▸ **WHAT THE TASK ASKS**:
Please repeat exactly the lines below from the one containing "X150352857Y-79704819D01*" down to the one containing "X151448095Y-79800057D02*", both included, and nothing else.

● ● ● ● ● ● ●

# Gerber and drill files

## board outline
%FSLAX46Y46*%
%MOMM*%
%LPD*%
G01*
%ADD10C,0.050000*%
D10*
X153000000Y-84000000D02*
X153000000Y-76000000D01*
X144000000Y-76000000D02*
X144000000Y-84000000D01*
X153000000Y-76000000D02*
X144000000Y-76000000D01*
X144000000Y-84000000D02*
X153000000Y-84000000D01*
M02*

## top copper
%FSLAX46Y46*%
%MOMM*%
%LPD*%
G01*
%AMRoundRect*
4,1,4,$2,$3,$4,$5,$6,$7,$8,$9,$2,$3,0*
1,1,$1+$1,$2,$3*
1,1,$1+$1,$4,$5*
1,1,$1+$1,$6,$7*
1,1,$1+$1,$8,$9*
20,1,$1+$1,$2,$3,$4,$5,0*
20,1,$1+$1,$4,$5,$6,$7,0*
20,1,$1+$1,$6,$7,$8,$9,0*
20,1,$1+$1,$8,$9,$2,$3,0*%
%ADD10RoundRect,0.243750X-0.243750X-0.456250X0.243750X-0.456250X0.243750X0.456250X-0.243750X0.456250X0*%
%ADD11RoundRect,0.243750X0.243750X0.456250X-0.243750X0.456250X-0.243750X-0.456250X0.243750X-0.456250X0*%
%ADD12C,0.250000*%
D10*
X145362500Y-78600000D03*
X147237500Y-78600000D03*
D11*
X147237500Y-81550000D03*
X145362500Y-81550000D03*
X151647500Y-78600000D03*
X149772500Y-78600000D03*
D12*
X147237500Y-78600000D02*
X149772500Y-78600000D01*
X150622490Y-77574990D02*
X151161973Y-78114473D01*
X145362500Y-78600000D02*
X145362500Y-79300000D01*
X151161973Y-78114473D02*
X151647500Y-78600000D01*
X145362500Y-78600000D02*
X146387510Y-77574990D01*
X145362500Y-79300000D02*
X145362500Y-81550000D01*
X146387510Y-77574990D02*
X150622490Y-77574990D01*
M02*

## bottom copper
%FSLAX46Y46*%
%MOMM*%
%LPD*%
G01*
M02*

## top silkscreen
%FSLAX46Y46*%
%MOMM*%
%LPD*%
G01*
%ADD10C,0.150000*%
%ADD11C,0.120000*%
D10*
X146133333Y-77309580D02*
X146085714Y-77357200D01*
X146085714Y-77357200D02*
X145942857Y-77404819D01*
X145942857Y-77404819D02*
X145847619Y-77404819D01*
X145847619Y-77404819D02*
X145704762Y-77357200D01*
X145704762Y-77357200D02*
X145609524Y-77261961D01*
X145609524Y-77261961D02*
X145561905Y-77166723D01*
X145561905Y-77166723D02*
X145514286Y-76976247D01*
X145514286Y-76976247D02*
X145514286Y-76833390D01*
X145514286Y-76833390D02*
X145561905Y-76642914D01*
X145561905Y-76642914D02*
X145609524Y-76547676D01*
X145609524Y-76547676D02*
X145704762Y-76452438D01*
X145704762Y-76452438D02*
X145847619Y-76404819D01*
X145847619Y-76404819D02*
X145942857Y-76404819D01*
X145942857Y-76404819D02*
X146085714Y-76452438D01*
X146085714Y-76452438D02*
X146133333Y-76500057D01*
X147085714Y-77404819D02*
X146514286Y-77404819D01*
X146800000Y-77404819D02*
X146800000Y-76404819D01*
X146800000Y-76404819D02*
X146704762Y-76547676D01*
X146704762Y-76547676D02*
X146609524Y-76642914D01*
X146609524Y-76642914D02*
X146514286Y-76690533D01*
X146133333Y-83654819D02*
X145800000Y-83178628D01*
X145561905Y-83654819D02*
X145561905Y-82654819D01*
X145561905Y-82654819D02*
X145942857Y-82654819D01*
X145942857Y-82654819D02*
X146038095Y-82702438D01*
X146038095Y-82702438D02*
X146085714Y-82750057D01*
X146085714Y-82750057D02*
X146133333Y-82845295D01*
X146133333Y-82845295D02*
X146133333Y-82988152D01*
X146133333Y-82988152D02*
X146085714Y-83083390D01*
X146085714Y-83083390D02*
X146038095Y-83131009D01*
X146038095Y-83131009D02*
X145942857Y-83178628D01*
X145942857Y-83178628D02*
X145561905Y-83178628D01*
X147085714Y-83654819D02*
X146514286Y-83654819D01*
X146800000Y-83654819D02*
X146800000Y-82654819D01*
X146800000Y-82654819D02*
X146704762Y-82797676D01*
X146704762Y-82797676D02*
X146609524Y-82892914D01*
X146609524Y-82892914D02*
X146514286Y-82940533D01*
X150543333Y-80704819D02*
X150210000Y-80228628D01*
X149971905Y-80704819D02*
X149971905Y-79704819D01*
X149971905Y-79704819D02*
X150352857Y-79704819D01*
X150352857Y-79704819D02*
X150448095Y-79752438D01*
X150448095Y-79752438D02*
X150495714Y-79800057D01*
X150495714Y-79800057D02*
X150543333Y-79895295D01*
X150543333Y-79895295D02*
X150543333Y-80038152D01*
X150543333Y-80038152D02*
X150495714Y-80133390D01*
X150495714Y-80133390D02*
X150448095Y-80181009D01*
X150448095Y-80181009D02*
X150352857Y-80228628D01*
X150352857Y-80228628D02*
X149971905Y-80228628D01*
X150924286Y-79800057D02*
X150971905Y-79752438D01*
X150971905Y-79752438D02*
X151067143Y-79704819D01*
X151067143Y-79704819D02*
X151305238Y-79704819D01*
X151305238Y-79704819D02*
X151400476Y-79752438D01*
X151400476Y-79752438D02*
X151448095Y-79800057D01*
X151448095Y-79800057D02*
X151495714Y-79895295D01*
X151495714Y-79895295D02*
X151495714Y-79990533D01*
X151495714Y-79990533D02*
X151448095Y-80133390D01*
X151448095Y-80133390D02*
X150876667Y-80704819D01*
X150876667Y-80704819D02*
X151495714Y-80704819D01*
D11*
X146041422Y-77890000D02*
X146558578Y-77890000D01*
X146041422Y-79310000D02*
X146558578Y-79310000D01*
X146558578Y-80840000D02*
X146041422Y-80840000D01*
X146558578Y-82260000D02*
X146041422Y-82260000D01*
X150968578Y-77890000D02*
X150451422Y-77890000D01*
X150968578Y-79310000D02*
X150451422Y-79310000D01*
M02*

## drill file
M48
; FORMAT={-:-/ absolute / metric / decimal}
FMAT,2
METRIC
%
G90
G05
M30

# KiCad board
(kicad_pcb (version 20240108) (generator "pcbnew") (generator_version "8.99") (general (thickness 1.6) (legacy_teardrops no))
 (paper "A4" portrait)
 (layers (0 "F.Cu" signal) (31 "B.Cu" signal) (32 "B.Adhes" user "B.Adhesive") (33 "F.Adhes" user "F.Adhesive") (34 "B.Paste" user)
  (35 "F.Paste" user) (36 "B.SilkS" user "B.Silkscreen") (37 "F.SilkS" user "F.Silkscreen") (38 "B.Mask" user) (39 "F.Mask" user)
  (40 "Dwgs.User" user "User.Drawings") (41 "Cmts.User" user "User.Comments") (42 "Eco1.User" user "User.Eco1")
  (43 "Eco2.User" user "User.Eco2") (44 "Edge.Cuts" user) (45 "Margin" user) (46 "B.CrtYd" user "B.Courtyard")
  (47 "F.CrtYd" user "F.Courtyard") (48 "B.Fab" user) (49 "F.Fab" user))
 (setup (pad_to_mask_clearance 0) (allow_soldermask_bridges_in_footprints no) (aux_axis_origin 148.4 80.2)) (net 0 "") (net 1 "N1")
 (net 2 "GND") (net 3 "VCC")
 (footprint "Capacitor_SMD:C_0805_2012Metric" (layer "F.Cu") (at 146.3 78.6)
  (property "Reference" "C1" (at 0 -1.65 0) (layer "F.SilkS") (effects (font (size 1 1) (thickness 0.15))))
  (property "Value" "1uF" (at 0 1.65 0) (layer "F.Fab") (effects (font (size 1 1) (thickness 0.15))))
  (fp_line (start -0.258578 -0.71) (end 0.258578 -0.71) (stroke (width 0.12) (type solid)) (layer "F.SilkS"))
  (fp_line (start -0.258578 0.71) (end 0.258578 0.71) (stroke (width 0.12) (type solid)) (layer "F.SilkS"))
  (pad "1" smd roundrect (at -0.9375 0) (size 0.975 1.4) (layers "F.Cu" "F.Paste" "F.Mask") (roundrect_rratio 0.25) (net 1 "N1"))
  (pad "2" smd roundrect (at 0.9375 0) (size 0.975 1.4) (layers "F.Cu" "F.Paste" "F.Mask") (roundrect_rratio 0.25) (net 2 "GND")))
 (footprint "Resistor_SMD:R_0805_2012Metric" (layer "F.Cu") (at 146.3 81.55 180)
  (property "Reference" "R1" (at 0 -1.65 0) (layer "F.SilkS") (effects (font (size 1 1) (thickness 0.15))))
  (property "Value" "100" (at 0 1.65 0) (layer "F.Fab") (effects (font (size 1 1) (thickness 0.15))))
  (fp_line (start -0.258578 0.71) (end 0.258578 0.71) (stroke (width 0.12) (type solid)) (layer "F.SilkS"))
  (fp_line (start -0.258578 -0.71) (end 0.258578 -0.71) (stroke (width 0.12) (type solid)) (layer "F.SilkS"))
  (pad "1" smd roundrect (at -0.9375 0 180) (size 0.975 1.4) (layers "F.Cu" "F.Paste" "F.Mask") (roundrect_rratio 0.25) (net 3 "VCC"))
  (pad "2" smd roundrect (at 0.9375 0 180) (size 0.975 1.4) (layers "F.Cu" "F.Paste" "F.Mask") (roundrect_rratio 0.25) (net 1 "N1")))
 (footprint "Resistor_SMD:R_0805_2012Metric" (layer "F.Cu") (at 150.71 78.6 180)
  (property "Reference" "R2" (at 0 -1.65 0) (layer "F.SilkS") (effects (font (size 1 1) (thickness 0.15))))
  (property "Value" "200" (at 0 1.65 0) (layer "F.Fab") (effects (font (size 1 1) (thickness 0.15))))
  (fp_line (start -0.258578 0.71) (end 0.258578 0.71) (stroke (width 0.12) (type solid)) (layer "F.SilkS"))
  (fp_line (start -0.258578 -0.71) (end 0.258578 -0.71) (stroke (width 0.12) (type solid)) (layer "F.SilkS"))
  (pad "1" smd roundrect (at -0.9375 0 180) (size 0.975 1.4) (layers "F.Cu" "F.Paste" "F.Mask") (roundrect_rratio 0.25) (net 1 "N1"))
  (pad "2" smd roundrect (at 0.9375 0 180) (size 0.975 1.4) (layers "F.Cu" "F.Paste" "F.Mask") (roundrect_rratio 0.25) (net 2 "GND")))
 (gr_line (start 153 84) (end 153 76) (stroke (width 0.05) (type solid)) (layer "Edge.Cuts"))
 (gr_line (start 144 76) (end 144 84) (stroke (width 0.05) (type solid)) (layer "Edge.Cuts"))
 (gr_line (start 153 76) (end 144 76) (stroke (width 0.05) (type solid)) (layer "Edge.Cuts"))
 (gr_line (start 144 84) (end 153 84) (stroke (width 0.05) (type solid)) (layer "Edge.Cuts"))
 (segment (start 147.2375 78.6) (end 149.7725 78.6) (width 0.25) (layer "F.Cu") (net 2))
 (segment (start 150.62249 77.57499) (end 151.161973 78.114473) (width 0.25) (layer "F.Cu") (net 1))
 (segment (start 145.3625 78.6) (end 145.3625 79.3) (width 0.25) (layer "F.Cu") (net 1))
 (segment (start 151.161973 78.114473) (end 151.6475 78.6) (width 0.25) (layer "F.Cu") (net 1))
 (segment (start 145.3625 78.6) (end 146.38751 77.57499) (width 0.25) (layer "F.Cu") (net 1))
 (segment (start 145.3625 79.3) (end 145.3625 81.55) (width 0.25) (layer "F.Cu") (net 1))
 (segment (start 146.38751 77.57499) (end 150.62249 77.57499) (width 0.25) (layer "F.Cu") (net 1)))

● ● ● ● ● ● ●

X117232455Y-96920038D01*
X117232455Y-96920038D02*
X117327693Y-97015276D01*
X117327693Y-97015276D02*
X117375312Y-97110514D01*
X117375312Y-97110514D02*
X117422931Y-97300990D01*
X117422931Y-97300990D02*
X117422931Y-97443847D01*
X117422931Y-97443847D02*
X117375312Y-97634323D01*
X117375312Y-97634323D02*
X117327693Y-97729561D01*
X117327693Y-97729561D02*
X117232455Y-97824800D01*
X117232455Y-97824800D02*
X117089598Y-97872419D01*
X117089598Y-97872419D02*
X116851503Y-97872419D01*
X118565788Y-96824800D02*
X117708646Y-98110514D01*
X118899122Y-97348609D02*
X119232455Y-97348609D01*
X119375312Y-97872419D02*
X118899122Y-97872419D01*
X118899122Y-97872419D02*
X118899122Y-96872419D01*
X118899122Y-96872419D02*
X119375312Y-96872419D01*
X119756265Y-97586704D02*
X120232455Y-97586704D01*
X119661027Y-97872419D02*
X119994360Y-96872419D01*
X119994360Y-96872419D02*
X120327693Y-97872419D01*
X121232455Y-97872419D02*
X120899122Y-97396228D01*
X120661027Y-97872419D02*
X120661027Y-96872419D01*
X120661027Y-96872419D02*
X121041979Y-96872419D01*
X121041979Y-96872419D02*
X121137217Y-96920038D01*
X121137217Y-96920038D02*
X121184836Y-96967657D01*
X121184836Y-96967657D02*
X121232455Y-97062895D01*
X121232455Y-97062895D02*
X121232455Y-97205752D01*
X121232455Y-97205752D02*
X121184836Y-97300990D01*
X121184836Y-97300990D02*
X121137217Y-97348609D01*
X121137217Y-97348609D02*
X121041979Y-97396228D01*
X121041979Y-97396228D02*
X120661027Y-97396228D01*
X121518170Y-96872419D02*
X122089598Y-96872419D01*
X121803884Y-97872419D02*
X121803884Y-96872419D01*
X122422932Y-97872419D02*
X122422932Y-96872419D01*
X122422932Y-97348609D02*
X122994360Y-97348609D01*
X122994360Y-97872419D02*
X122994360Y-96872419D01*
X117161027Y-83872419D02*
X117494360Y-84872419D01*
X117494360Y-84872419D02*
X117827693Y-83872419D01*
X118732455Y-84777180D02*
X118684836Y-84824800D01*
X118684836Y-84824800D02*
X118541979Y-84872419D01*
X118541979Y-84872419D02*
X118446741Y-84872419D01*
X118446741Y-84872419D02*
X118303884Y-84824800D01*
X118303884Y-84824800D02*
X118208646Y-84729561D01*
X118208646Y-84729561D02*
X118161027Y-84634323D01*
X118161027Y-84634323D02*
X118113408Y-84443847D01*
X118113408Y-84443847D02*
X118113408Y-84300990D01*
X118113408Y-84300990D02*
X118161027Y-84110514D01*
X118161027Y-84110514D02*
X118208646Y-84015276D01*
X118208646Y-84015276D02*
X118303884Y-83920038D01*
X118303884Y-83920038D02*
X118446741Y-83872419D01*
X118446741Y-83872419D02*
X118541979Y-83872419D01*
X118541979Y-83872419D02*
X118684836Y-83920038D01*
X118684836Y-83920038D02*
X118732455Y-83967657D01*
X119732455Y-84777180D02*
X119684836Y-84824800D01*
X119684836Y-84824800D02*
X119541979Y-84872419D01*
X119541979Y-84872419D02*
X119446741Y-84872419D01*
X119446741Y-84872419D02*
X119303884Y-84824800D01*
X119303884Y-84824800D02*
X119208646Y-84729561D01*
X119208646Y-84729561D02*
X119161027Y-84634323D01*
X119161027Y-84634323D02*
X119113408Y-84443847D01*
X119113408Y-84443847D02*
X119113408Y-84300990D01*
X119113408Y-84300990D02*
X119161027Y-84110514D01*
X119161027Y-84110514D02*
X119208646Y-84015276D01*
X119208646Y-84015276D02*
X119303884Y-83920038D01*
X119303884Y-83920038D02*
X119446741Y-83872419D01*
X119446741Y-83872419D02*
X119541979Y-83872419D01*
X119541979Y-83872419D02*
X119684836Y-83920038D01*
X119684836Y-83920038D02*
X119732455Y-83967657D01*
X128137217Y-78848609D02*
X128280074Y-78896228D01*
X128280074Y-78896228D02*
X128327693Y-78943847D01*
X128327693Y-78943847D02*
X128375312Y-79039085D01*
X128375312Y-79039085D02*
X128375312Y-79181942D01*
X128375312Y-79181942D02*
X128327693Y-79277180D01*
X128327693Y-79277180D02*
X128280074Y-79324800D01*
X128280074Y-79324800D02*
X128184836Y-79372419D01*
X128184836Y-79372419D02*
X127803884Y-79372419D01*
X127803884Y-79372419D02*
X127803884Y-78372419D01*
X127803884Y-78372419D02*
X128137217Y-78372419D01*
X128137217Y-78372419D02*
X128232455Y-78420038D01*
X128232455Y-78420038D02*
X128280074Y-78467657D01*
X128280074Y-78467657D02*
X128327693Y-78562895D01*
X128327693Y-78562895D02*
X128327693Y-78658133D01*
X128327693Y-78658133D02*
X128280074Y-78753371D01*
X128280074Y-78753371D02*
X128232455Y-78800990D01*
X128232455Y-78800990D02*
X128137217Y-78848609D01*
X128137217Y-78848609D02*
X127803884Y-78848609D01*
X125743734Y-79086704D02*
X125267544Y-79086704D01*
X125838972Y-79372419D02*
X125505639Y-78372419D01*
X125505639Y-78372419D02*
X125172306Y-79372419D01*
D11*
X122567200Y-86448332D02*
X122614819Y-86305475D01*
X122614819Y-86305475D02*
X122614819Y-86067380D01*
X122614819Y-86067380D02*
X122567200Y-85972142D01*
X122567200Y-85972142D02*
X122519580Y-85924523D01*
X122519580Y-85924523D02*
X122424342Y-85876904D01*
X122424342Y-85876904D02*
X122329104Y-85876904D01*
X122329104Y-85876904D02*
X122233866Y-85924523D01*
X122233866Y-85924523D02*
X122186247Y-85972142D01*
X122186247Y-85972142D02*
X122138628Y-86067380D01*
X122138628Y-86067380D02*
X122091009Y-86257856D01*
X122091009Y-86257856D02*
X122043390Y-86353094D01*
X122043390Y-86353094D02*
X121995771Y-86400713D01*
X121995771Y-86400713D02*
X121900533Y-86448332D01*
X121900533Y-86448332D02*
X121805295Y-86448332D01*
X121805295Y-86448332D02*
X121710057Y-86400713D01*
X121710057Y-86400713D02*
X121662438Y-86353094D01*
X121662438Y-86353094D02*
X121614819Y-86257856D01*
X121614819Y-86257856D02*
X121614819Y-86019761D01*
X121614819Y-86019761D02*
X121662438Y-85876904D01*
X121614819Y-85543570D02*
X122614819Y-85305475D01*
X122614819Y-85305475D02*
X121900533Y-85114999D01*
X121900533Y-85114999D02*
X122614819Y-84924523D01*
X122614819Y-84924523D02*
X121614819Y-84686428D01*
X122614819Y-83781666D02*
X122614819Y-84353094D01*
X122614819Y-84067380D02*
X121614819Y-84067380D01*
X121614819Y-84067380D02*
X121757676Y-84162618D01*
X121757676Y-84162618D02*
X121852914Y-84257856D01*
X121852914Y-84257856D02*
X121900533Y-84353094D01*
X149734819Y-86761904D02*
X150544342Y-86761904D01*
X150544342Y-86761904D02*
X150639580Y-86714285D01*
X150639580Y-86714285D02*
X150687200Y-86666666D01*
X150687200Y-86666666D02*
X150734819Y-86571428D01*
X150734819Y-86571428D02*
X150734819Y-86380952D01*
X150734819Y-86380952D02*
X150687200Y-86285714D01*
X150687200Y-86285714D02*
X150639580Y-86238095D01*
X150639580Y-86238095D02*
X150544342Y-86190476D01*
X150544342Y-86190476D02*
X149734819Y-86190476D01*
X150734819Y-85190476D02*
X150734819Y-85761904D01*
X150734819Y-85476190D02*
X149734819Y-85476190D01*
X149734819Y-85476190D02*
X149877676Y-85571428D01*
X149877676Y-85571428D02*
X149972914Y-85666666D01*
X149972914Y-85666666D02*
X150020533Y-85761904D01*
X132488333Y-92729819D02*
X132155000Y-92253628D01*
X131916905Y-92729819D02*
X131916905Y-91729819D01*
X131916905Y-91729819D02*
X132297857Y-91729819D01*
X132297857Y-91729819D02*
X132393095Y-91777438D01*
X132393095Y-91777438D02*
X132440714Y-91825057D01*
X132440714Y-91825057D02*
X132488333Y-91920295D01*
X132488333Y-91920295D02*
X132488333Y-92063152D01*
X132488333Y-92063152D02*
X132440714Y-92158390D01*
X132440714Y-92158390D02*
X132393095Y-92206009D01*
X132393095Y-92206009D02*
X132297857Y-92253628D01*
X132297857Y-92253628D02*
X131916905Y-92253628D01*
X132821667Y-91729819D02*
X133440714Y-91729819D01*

● ● ● ● ● ● ●

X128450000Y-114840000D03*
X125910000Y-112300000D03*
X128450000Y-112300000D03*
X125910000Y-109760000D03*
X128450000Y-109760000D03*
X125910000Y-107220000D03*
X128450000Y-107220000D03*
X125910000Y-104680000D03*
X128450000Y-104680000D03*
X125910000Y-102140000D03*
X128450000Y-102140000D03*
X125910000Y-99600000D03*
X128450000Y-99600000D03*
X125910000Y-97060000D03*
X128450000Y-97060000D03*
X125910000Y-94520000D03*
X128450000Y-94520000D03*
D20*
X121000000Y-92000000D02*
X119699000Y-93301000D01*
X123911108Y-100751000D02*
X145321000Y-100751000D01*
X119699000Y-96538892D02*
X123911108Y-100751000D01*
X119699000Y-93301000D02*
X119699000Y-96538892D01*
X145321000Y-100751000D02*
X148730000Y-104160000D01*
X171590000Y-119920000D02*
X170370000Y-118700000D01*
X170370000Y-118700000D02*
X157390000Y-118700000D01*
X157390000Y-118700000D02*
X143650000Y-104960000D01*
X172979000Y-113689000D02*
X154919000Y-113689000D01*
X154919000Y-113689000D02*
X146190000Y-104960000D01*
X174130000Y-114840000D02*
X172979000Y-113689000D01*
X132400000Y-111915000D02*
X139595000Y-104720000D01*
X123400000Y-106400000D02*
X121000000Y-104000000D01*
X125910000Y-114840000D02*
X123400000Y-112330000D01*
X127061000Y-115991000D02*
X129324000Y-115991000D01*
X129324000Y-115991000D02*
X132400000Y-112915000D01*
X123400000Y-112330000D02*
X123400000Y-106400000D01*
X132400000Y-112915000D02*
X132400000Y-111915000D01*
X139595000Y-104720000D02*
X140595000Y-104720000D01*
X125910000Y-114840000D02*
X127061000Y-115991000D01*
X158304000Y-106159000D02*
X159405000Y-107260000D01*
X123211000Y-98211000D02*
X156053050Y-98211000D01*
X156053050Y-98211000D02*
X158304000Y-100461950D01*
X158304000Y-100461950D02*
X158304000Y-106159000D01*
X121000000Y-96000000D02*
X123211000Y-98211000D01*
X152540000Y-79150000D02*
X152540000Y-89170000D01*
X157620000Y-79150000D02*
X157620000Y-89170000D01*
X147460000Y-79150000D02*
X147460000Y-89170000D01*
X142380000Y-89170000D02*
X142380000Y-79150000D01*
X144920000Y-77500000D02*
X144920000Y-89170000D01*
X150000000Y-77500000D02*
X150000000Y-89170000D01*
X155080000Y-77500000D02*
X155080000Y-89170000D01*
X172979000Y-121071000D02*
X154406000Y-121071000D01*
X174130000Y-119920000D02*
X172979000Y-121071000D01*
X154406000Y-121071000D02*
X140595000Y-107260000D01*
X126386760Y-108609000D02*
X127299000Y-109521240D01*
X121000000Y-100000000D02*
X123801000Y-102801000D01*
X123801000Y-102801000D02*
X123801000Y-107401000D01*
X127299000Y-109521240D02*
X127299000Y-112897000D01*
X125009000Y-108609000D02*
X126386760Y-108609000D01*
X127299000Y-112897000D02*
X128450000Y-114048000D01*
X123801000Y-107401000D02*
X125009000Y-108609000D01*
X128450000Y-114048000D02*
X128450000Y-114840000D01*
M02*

● ● ● ● ● ● ●

▸ **ANSWER BOX**:
X150352857Y-79704819D01*
X150352857Y-79704819D02*
X150448095Y-79752438D01*
X150448095Y-79752438D02*
X150495714Y-79800057D01*
X150495714Y-79800057D02*
X150543333Y-79895295D01*
X150543333Y-79895295D02*
X150543333Y-80038152D01*
X150543333Y-80038152D02*
X150495714Y-80133390D01*
X150495714Y-80133390D02*
X150448095Y-80181009D01*
X150448095Y-80181009D02*
X150352857Y-80228628D01*
X150352857Y-80228628D02*
X149971905Y-80228628D01*
X150924286Y-79800057D02*
X150971905Y-79752438D01*
X150971905Y-79752438D02*
X151067143Y-79704819D01*
X151067143Y-79704819D02*
X151305238Y-79704819D01*
X151305238Y-79704819D02*
X151400476Y-79752438D01*
X151400476Y-79752438D02*
X151448095Y-79800057D01*
X151448095Y-79800057D02*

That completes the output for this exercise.